Task data:
^^^^

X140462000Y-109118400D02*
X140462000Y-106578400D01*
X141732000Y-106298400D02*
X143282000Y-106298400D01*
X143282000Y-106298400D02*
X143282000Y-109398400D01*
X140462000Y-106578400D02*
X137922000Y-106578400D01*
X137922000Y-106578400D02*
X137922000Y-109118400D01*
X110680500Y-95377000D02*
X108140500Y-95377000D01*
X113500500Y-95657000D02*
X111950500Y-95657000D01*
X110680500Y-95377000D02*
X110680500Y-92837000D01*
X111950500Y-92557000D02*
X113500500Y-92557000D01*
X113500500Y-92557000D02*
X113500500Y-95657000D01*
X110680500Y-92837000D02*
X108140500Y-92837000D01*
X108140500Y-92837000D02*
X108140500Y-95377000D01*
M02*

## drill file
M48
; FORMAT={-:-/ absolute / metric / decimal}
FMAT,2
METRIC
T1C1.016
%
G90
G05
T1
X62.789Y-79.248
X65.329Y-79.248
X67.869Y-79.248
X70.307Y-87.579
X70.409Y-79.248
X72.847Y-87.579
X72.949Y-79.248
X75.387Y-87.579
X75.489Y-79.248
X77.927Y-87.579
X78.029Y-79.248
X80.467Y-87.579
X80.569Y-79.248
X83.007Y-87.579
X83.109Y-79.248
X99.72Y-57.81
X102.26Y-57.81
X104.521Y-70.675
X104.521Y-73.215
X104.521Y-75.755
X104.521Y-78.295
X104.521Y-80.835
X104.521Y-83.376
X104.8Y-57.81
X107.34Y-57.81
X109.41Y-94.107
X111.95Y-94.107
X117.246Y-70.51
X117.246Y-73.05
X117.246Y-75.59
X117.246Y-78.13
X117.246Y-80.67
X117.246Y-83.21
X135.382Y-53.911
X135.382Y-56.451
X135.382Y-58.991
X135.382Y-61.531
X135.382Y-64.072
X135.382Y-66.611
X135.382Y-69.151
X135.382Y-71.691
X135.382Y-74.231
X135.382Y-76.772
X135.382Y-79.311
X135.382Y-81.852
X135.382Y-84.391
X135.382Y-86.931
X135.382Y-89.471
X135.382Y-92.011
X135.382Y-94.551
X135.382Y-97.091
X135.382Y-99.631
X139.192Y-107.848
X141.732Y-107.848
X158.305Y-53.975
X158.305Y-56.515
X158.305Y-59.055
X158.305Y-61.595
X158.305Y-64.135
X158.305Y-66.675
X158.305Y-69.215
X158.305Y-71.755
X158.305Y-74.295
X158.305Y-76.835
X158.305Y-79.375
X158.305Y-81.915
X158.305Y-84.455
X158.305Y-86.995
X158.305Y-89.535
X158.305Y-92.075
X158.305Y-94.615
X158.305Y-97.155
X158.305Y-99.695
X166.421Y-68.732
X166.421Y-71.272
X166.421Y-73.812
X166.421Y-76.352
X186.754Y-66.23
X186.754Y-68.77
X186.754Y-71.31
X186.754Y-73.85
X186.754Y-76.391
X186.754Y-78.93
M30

^^^^

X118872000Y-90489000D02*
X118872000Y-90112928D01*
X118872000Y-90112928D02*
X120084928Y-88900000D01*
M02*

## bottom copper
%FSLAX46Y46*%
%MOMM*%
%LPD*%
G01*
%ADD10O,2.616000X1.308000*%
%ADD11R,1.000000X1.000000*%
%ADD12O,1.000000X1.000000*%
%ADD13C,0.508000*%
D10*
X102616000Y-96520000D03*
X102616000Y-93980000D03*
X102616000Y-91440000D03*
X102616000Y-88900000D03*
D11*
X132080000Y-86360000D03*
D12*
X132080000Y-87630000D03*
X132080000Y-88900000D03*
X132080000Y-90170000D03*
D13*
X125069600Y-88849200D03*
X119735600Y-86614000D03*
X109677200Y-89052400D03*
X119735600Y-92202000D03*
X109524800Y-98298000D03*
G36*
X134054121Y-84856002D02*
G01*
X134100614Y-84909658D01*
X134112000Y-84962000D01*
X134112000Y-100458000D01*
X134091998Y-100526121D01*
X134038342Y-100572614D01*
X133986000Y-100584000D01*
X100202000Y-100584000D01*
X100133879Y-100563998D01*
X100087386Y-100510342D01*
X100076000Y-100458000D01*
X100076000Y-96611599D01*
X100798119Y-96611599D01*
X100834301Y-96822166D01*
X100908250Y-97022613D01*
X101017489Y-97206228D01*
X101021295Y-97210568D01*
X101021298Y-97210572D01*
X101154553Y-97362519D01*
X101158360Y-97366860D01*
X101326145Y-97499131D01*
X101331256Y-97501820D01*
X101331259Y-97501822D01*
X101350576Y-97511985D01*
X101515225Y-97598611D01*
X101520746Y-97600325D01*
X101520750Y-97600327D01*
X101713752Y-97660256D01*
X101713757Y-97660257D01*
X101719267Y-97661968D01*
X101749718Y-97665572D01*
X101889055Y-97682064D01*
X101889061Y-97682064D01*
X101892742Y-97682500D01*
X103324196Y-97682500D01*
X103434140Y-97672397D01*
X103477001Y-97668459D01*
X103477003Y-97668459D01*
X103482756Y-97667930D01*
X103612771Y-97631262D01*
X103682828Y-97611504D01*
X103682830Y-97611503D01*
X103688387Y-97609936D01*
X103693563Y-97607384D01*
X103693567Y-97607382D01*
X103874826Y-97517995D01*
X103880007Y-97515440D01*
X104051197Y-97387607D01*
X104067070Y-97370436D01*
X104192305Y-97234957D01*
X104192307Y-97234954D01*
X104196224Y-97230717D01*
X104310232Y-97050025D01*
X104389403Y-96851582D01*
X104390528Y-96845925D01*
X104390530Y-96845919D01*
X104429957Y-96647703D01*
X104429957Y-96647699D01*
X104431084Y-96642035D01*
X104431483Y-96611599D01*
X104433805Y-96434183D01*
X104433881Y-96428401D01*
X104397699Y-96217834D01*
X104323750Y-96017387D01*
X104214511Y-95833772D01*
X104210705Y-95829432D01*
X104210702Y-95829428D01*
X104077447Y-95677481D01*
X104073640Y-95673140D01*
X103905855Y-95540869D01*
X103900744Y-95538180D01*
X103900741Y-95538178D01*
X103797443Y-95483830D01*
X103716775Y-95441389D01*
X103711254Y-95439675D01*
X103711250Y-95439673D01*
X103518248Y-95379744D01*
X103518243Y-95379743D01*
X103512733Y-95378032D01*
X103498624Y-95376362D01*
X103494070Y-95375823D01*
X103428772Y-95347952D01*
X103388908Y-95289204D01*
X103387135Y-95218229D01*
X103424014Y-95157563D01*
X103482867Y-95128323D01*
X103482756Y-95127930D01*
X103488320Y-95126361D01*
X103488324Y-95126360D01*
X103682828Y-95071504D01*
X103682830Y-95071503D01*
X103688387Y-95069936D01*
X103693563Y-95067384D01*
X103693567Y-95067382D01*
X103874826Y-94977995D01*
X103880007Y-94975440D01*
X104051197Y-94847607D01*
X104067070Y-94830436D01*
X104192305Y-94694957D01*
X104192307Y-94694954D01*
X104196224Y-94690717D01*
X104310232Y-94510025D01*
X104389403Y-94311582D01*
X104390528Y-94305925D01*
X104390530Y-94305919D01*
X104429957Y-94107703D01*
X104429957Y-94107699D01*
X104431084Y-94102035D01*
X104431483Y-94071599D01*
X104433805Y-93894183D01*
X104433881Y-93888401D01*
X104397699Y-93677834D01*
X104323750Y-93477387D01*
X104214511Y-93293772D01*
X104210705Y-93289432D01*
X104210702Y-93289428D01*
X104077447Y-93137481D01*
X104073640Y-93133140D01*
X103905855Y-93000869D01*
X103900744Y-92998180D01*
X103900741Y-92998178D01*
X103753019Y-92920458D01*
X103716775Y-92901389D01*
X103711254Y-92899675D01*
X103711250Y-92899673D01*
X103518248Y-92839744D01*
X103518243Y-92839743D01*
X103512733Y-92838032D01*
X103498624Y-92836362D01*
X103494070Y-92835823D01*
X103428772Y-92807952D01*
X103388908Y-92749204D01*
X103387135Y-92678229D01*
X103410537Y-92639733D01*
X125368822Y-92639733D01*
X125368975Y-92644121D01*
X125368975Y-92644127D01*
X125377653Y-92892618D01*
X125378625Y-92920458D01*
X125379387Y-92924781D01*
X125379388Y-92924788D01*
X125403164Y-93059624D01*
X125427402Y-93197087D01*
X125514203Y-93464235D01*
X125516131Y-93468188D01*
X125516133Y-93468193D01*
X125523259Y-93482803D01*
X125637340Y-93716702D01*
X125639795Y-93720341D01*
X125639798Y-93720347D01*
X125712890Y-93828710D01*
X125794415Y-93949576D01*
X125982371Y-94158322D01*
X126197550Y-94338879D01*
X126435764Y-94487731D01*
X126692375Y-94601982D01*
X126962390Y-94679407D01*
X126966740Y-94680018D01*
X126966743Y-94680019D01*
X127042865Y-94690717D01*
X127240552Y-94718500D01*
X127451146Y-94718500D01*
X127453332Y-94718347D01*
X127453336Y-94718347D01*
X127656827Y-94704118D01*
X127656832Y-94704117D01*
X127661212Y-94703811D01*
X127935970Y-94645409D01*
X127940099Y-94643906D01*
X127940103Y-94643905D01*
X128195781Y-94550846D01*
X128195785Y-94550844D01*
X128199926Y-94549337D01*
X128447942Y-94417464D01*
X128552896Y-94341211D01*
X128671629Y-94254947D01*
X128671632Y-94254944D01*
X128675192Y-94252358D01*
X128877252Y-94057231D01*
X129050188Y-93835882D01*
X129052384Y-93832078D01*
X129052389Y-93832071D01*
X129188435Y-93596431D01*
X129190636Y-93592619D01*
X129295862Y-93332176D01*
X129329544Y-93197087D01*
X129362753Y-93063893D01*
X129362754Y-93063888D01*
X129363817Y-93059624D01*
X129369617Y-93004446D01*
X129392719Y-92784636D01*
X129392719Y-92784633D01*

^^^^

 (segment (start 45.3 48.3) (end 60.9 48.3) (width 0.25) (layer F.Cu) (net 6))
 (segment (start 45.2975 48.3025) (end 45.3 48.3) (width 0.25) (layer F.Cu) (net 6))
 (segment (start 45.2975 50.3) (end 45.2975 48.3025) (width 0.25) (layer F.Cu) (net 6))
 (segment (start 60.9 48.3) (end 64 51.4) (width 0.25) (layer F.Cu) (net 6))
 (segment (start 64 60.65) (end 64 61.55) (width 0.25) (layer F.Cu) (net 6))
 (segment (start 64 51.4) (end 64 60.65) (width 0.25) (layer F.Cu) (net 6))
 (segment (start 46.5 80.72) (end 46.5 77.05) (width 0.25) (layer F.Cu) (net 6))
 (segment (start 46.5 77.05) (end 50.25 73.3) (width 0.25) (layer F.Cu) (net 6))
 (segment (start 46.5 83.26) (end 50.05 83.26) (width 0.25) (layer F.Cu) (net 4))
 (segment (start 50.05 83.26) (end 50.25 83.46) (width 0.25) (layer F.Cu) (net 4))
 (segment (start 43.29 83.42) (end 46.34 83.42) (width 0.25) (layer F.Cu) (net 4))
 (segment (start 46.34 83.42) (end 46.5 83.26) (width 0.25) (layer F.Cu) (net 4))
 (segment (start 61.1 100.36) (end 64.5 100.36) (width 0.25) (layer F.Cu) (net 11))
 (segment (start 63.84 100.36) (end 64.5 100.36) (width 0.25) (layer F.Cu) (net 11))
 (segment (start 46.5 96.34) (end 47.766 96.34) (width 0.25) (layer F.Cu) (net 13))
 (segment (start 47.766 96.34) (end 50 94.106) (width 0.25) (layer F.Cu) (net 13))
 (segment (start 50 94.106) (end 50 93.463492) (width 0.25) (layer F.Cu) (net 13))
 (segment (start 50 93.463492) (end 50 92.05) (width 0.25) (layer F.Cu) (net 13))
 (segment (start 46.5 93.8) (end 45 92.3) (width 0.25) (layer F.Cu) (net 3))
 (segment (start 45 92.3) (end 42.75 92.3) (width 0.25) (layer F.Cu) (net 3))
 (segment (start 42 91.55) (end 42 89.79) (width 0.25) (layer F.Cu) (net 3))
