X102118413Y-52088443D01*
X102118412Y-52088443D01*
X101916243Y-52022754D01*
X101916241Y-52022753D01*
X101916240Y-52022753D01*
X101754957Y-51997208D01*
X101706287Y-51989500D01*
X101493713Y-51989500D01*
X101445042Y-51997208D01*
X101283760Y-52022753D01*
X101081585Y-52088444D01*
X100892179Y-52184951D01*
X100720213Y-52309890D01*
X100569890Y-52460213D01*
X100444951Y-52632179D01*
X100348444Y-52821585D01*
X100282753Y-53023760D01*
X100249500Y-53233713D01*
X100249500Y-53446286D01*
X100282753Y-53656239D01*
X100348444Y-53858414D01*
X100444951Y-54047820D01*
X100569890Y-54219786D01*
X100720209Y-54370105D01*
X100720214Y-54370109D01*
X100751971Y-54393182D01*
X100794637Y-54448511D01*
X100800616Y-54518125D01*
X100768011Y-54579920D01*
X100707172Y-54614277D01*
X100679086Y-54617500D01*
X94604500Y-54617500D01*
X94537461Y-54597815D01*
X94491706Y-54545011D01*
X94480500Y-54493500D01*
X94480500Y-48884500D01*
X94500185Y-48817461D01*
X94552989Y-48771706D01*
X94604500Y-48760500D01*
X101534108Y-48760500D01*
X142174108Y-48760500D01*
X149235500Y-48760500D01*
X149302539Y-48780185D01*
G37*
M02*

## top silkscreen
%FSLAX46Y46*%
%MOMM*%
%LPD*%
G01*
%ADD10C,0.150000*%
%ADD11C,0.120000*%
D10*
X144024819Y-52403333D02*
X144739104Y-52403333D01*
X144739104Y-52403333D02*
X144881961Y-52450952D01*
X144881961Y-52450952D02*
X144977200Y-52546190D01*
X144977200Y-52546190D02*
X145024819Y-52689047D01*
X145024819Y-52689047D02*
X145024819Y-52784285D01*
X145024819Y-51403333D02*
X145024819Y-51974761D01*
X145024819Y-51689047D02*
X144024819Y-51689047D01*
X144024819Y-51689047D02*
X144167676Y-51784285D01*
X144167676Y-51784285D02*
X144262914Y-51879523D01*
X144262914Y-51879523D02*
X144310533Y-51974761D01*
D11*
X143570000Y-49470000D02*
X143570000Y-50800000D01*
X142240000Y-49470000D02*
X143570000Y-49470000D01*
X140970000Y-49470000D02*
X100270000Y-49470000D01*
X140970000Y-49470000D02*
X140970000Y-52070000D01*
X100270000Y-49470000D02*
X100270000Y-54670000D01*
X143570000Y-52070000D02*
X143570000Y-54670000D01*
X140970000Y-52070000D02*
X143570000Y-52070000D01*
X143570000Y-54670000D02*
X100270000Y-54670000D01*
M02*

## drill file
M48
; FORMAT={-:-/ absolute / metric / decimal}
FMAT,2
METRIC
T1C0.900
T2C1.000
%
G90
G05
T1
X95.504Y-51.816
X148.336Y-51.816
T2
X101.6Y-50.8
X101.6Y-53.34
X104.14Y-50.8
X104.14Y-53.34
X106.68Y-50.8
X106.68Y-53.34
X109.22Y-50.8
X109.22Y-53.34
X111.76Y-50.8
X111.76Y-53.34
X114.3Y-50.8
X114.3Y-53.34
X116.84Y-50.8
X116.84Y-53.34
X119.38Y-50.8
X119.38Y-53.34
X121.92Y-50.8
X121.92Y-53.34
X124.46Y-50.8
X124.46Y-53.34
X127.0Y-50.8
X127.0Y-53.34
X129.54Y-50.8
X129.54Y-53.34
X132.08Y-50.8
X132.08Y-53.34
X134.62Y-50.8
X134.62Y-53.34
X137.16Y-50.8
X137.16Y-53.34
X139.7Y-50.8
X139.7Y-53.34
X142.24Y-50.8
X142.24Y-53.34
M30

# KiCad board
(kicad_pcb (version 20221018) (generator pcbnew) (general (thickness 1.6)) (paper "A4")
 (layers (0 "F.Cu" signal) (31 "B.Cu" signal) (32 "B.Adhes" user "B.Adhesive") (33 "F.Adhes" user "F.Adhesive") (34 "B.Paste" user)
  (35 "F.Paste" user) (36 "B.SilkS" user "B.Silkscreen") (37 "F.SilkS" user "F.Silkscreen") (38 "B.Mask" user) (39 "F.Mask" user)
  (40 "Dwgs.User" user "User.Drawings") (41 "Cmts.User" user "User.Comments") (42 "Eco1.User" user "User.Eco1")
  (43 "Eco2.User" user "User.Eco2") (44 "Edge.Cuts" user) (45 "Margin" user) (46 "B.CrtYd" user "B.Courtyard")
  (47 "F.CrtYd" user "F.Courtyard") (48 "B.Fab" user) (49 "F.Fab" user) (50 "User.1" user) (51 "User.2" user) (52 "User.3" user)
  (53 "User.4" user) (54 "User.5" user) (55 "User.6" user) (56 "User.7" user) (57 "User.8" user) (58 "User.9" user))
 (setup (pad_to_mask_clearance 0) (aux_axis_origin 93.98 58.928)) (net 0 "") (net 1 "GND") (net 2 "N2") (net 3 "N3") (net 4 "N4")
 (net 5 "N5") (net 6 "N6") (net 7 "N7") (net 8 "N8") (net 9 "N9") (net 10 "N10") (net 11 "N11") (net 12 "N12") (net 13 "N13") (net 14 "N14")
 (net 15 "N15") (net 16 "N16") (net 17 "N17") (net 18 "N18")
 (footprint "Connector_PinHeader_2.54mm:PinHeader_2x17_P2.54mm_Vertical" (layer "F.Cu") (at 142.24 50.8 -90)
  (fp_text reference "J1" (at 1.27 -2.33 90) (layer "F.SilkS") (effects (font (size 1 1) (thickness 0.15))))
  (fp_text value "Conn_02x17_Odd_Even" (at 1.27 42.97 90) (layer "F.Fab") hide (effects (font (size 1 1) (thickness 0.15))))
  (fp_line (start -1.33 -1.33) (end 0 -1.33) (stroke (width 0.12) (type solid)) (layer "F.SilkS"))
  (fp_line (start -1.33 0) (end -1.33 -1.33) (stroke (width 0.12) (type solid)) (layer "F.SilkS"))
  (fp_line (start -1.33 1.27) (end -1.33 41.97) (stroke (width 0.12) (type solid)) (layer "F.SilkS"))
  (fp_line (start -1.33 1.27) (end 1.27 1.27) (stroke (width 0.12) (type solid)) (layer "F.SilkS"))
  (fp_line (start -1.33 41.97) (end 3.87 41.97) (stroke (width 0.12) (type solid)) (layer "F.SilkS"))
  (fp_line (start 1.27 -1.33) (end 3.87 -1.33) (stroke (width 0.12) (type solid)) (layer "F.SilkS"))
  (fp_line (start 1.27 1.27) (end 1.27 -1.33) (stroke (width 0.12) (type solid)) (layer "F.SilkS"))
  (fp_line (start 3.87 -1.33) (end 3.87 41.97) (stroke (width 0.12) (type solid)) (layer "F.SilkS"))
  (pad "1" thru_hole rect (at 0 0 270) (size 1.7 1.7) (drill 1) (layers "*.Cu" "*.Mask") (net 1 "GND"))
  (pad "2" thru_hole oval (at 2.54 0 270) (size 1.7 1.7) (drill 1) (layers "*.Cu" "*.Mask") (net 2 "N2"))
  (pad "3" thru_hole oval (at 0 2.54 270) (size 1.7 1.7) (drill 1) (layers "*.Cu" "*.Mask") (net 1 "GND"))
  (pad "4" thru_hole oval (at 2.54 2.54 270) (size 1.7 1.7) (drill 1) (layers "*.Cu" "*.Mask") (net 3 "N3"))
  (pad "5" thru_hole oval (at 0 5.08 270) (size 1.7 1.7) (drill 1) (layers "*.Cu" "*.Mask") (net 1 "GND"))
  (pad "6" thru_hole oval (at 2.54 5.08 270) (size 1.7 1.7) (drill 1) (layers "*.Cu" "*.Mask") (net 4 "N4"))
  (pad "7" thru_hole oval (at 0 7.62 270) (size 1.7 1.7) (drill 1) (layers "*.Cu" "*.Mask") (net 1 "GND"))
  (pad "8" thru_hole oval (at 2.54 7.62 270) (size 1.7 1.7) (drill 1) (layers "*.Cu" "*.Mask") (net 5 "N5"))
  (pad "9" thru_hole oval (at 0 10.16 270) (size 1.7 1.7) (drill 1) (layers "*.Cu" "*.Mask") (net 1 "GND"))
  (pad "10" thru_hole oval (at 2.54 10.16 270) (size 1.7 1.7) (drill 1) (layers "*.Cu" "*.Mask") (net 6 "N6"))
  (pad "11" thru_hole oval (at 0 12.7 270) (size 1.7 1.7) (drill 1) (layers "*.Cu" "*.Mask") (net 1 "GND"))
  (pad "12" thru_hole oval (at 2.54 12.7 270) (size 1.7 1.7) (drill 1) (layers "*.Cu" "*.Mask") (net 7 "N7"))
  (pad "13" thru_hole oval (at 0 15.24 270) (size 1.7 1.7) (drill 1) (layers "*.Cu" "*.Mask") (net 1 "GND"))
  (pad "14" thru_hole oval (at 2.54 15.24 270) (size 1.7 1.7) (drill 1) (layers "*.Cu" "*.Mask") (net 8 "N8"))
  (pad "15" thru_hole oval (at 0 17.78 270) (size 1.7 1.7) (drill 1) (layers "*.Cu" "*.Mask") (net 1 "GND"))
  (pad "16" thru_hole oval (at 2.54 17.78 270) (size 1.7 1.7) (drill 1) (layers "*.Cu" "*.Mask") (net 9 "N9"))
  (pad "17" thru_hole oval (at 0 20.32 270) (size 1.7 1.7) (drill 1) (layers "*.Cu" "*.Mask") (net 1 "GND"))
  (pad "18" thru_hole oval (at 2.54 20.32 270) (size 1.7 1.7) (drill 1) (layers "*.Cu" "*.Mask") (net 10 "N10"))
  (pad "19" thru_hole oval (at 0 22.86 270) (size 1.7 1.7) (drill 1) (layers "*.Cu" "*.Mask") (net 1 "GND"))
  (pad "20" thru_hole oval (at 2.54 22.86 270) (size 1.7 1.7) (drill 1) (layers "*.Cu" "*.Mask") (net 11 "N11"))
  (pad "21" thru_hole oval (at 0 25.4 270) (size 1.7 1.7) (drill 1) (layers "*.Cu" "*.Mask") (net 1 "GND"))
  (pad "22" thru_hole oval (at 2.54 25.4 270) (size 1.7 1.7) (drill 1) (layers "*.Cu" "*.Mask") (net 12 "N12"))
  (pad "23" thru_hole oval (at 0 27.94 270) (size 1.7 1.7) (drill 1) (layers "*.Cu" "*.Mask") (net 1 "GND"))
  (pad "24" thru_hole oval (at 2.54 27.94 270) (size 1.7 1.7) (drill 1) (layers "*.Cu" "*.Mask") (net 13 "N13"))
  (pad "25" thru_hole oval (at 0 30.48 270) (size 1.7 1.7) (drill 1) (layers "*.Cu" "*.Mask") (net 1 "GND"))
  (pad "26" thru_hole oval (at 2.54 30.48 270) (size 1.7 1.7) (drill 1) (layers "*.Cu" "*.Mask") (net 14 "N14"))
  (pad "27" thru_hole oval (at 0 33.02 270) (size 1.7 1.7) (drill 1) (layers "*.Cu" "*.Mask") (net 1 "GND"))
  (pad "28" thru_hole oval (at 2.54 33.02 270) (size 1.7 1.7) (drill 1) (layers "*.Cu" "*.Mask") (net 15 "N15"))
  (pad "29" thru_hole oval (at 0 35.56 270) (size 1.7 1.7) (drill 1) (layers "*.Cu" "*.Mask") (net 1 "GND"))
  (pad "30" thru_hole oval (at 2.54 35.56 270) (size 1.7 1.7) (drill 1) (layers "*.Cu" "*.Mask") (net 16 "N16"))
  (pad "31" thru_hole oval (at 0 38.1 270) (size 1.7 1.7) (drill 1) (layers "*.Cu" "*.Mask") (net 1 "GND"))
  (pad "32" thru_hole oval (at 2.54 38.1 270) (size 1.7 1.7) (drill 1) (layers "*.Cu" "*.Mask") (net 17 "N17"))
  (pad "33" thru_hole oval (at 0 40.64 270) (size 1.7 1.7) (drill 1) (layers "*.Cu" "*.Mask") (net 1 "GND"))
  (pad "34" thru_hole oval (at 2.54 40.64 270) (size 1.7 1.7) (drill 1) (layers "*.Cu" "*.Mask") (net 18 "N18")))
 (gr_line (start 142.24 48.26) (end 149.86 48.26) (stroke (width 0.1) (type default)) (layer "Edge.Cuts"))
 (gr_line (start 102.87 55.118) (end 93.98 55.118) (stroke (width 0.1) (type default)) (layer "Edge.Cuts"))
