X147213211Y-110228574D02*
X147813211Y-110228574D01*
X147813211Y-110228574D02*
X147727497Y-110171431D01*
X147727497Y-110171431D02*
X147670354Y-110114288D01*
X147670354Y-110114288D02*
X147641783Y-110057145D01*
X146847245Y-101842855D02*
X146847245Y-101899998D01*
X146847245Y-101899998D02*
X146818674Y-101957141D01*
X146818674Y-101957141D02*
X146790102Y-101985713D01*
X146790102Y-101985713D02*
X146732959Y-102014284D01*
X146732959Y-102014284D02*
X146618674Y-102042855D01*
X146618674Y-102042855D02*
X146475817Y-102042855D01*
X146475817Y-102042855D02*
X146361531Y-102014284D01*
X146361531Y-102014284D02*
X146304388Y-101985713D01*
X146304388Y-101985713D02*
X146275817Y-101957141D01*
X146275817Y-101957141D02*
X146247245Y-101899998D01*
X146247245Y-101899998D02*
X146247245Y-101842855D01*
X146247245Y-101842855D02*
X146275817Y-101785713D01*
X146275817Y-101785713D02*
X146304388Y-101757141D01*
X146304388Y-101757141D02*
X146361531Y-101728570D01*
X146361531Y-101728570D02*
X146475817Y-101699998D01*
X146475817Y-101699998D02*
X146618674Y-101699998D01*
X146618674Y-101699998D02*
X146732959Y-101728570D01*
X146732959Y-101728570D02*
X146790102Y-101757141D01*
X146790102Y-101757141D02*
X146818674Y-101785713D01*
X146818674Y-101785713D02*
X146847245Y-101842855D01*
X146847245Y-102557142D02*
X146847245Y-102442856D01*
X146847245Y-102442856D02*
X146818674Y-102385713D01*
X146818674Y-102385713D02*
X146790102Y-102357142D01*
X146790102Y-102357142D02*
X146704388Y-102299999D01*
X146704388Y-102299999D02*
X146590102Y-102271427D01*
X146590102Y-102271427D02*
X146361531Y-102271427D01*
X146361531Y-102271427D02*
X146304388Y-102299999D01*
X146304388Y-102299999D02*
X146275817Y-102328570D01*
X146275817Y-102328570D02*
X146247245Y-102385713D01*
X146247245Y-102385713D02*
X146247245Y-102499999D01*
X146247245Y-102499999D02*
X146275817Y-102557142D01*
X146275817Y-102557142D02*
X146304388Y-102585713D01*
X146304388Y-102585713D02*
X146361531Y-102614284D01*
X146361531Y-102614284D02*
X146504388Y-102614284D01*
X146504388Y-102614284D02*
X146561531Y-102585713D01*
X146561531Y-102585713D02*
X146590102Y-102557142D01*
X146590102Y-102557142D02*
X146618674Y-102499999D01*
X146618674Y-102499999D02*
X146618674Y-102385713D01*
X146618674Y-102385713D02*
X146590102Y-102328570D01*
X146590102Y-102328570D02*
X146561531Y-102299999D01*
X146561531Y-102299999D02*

^^^^

Directions:
Would you print exactly, and only, the lines of the data above from the line with "X140462000Y-109118400D02*" through the line with "X110680500Y-92837000D02*", inclusive?

Solution:
X140462000Y-109118400D02*
X140462000Y-106578400D01*
X141732000Y-106298400D02*
X143282000Y-106298400D01*
X143282000Y-106298400D02*
X143282000Y-109398400D01*
X140462000Y-106578400D02*
X137922000Y-106578400D01*
X137922000Y-106578400D02*
X137922000Y-109118400D01*
X110680500Y-95377000D02*
X108140500Y-95377000D01*
X113500500Y-95657000D02*
X111950500Y-95657000D01*
X110680500Y-95377000D02*
X110680500Y-92837000D01*
X111950500Y-92557000D02*
X113500500Y-92557000D01*
X113500500Y-92557000D02*
X113500500Y-95657000D01*
X110680500Y-92837000D02*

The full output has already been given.